Religion in the News

Wonewoc, USA - They see dead people on Spook Hill. They're walking around the grounds, sitting in the dining hall and in the pews at the abandoned church. Kids, heard by visitors but usually only seen by those trained to see into the spirit world, play outside the rustic and run-down cabins.

"Oh yeah, they're all over the place," says Judy Ulch, a jovial 60-year-old who claims not only to see dead people but also receive messages from them that she passes on to their loved ones who pay $40 per half hour for her services.

"Sometimes I see them so close, I see the stubble on their face," Ulch says.

Ulch and other self-described mediums live at the Wonewoc Spiritualist Camp every summer, welcoming guests from around the country who come for visits between 15 minutes and overnight to get insight into their lives from the dearly departed.

They seek hope, solace and inspiration. And sometimes they just come for a fun day out with friends. Or to try to disprove what Ulch and others claim to be their ability to see spirits.

Wonewoc is one of 13 spiritualism camps across the country. It first opened in 1893 and is in its 106th summer season. For years visitors arrived by train and climbed the hill to the wooded bluff overlooking the small town, with a population now of just over 800.

The 37-acre camp is run by followers of Spiritualism, a religion that started in the mid-1800s and reached the height of its popularity at the end of that century, but that still maintains an estimated 250,000 followers.

Some tenets of Spiritualism are that people live on after death and they can be communicated with using a medium like Ulch or Hilda First.

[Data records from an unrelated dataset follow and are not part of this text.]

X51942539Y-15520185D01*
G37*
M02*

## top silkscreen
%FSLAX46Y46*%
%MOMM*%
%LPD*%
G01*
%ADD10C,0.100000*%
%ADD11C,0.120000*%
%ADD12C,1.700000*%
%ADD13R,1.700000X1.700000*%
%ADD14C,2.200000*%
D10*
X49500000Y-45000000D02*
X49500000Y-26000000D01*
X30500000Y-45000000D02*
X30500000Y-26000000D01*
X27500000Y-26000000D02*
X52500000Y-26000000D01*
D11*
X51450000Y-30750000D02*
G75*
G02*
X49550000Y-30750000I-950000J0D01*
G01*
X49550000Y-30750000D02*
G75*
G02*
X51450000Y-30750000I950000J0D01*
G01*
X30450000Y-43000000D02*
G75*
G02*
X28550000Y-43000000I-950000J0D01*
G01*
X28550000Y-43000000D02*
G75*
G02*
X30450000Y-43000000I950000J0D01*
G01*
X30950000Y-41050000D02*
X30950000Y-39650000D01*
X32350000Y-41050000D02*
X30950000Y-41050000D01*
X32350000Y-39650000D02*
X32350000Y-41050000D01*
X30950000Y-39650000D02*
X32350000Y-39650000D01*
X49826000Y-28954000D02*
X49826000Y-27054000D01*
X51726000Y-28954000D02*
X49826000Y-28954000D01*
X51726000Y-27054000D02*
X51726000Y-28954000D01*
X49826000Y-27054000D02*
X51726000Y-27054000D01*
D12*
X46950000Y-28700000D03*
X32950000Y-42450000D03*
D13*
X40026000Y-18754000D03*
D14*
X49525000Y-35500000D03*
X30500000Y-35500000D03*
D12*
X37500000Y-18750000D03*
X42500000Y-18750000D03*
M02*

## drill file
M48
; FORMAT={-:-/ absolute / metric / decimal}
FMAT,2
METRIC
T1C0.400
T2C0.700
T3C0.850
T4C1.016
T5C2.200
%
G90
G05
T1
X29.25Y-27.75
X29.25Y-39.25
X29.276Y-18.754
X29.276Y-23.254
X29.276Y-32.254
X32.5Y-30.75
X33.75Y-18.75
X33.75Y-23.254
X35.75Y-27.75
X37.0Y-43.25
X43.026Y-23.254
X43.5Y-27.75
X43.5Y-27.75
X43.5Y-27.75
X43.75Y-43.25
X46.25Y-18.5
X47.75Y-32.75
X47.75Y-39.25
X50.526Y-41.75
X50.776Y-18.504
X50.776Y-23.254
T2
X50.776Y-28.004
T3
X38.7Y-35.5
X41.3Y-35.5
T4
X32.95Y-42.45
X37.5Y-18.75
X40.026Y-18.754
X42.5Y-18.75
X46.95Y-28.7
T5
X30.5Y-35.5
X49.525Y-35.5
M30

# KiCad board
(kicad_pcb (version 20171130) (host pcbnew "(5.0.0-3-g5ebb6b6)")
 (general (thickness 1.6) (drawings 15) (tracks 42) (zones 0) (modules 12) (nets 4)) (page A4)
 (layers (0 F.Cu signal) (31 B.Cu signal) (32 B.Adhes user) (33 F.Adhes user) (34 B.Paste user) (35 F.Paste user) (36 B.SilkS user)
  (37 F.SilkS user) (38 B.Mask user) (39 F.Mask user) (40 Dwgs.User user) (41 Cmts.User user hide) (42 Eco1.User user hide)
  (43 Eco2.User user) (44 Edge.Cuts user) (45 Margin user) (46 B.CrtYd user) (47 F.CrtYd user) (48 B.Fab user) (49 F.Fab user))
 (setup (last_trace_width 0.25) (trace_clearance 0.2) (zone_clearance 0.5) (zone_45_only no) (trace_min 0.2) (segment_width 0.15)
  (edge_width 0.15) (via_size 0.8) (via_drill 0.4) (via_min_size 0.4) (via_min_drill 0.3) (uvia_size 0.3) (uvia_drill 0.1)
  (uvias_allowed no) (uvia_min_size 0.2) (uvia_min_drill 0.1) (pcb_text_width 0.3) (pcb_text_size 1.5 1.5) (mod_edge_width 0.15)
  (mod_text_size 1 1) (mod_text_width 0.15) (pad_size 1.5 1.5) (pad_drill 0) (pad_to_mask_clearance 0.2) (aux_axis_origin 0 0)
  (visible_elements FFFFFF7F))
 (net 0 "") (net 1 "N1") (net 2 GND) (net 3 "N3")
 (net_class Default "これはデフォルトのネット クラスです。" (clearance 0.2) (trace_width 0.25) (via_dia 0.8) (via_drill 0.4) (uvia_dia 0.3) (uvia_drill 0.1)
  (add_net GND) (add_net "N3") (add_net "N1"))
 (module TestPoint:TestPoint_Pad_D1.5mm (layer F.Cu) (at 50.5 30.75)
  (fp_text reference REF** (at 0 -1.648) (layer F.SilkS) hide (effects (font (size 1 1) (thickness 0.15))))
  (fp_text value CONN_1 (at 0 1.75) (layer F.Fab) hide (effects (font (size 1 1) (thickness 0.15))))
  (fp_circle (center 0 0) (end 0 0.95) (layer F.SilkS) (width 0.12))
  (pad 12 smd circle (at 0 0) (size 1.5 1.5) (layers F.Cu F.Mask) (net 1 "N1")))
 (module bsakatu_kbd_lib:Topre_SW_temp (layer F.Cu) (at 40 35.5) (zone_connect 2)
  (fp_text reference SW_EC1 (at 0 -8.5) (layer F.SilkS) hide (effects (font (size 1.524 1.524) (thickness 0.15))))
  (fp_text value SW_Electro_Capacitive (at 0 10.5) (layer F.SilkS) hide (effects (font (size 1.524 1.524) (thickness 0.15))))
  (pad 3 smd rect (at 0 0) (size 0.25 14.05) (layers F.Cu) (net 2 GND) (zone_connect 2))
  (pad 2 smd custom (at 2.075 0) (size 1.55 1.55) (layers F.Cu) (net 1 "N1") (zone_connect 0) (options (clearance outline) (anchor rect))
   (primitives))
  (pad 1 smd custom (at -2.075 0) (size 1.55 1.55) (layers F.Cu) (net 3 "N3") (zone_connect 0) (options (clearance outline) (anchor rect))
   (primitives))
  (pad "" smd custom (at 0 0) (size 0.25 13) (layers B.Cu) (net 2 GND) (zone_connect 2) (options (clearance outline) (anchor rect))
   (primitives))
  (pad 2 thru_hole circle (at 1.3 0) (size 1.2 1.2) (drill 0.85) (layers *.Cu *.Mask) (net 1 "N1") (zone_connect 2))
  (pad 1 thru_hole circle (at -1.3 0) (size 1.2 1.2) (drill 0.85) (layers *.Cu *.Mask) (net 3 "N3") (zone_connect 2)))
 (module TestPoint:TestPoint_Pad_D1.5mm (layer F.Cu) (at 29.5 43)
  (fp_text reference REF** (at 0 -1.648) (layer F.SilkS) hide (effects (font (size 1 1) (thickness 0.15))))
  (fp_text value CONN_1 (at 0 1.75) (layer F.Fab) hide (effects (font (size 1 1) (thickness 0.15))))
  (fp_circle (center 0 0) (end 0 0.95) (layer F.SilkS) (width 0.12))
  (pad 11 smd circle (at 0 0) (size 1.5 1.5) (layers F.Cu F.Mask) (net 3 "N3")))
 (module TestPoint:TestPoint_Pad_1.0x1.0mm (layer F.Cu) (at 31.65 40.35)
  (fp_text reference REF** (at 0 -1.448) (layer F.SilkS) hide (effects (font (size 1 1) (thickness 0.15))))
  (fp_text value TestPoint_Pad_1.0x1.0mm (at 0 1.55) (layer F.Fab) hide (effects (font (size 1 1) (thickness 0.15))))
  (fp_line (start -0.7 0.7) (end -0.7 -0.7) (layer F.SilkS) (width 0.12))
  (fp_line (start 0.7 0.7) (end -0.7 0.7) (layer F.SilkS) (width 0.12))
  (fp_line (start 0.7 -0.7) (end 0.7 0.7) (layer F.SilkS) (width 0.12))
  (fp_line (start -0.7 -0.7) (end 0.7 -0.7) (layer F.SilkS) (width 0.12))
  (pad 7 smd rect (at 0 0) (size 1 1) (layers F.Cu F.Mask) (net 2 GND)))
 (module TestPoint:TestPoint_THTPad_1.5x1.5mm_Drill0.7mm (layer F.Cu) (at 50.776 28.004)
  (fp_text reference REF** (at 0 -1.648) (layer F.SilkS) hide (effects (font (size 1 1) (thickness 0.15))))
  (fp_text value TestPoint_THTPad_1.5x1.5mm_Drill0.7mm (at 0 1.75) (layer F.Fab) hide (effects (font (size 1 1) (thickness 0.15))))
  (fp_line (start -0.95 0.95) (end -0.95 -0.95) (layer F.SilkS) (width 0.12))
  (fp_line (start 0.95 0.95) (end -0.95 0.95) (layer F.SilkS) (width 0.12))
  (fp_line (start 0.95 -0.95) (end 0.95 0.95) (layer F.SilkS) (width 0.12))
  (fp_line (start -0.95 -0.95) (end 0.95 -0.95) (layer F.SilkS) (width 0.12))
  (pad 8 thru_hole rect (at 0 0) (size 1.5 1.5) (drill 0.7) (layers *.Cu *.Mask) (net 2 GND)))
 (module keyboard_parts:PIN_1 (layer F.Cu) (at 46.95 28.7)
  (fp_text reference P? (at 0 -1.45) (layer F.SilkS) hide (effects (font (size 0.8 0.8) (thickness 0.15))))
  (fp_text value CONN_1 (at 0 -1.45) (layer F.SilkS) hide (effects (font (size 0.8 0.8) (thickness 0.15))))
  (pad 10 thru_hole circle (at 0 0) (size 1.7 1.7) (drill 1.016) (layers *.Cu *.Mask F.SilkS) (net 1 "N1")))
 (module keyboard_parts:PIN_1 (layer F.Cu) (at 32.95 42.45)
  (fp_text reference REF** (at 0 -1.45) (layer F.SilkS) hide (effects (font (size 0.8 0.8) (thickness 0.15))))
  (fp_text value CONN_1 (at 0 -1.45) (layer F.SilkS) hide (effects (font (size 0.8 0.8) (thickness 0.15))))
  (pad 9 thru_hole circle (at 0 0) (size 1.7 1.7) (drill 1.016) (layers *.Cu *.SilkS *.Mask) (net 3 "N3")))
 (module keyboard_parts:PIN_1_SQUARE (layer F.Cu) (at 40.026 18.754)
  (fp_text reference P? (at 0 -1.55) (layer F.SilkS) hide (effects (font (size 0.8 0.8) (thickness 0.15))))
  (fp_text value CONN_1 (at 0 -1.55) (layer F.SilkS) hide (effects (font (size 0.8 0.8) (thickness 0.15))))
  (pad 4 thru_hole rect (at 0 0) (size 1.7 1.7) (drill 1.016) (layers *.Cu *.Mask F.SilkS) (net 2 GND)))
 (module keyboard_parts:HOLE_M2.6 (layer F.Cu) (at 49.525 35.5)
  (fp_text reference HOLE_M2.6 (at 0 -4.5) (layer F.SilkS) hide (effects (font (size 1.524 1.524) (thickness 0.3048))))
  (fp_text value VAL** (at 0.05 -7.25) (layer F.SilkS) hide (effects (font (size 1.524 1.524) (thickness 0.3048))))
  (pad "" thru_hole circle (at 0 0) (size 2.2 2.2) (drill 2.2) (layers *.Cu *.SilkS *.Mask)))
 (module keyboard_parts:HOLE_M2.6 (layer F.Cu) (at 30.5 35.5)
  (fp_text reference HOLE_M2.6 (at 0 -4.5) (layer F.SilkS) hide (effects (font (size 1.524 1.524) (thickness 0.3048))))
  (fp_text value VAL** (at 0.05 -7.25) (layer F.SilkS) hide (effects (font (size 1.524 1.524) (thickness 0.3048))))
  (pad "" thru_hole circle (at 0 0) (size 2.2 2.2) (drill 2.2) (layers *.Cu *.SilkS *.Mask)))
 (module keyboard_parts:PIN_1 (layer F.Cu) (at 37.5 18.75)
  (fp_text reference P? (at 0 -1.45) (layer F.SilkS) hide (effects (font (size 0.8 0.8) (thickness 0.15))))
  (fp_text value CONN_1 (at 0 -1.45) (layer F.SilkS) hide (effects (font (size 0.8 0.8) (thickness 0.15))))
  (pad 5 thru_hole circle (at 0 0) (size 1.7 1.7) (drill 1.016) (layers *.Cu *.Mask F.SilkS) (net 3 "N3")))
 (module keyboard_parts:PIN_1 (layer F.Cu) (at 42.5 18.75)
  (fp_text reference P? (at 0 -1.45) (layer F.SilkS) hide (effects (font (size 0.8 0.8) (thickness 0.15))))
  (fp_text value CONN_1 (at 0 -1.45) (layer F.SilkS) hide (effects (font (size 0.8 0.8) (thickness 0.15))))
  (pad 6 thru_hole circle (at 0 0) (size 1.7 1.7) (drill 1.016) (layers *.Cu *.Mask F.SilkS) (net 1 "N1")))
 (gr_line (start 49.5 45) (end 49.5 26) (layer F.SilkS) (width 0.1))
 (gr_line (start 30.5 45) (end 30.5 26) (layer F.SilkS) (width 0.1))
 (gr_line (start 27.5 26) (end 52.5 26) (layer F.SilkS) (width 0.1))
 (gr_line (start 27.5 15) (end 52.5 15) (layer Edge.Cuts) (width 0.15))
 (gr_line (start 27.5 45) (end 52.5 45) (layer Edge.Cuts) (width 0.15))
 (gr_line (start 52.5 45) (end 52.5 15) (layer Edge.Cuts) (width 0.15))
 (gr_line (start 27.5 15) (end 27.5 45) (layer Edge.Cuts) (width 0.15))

First claims messages from a spirit named Fairchild who speaks to her in Shakespearean English.

Perhaps the most famous spiritualist camp _ in Cassadaga, Fla. _ is 113 years old and on the National Register of Historic Places. More than 30 mediums live in the city, which some refer to as the "psychic center of the world."

The Wonewoc camp fell on hard times in recent years during a legal fight over ownership. With that settled, Ulch and others are focused on raising the camp's profile to attract more visitors.

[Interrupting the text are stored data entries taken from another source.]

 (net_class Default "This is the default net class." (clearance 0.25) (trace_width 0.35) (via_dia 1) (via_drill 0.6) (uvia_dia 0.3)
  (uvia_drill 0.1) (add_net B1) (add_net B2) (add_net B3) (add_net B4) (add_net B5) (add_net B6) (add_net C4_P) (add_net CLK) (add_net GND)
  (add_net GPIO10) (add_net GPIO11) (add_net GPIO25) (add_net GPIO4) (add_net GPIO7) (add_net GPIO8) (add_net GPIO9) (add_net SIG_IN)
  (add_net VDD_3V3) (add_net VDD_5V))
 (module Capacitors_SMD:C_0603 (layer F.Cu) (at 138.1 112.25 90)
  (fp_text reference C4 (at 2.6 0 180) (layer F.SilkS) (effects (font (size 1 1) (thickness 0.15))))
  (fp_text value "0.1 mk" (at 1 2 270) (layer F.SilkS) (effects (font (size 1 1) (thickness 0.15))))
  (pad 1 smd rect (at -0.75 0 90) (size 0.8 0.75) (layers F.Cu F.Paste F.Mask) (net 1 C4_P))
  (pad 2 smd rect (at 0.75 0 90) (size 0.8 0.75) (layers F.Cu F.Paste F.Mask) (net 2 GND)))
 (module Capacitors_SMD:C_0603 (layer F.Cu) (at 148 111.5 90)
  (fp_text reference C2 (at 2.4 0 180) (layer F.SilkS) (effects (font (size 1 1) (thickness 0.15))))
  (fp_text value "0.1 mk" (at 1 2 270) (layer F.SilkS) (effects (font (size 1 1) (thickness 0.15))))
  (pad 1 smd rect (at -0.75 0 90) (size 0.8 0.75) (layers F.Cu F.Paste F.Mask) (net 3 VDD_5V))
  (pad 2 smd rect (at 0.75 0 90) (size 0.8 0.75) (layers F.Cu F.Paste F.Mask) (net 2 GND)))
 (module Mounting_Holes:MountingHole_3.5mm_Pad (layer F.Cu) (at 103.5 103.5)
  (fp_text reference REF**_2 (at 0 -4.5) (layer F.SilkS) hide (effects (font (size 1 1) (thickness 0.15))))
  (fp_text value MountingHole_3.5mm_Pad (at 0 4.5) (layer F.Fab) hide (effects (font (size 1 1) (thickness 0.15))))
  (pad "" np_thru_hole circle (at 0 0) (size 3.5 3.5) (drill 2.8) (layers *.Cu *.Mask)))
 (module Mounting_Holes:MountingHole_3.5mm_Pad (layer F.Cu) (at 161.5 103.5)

Readings cost $40 for half an hour, while 15-minute mini-readings are available on Mondays for $20. Seniors can get a $35 reading for 30 minutes on Wednesdays, while the price for workshops varies from $20 to $40.

It also offers ice cream socials, campfires and budget rate lodging at just $15 to $40 a night.

Mediums, clairvoyants and healers are housed in the camp _ known to the locals as "Spook Hill" _ either for all or part of the season. There are workshops and classes, not on typical summer camp fare like basket weaving and swimming, but rather past life regressions and how to see auras in 60 seconds.

The 36 cabins, dining hall and chapel were mostly built in the 1920s. And it shows. Many are sinking. Doors creak and don't open fully, a porch light that camp goers said burned different colors for more than 30 years on the same bulb finally went out this summer, and the original chapel is boarded up after a tree fell on it.

Ulch's husband Harvey serves as handyman, doing his best to keep up with the endless repairs. In his third year at the camp with Judy, the born and raised Methodist shakes his head when he talks about what he's seen.

"I'm amazed," he said, after describing seeing a table seemingly move under its own power during one so-called "table tipping" session. "I'm a believer. ... I just kind of like to sit back and observe."

Followers of Spiritualism often describe it as a science, philosophy and religion rolled into one. Spiritualists believe in seeing visions, receiving prophecy, healing the sick, levitating, writing words given to them from the dead and seeing other manifestations.

Despite skepticism from mainstream religion, the Spiritualism movement was motivated in the beginning with proving the basic tenets of Christianity, said Phillip Lucas, a professor of religious studies at Stetson University in DeLand, Fla.

Messages they reportedly received from the dead were offered as proof of the immortality of the soul, said Lucas, an authority on new religious movements.

"They're seekers," Lucas said. "Spiritualism tends to be very nondogmatic. You can really believe whatever you want to believe as long as you believe the central idea that life is endless."

A group of five women who came for a reading one summer day at the Wonewoc camp all said they didn't see a problem visiting the camp while practicing a different religion. The women, all related but declining to give their last name, said they come once a year for fun and insight into their lives.

"You have to be really opened minded with it," said Nancy, a 49-year-old who was there with her two daughters, age 20 and 23, her sister and her sister-in-law.

Mainstream religion has historically taken a dislike to Spiritualism because it goes against basic Christian beliefs in heaven and hell, which spiritualists reject, and that the living can communicate with the dead.

The National Spiritualist Association of Churches, based in Lily Dale, N.Y., does not believe its religion conflicts with Christianity, although it says Spiritualism is not necessarily a Christian religion.

Ulch, whose relatives helped build the camp more than 100 years ago, only asks that people have an open mind.

"We would never try to change anybody's mind," she said. "I know it's true and I've seen it. I'm not a fraud."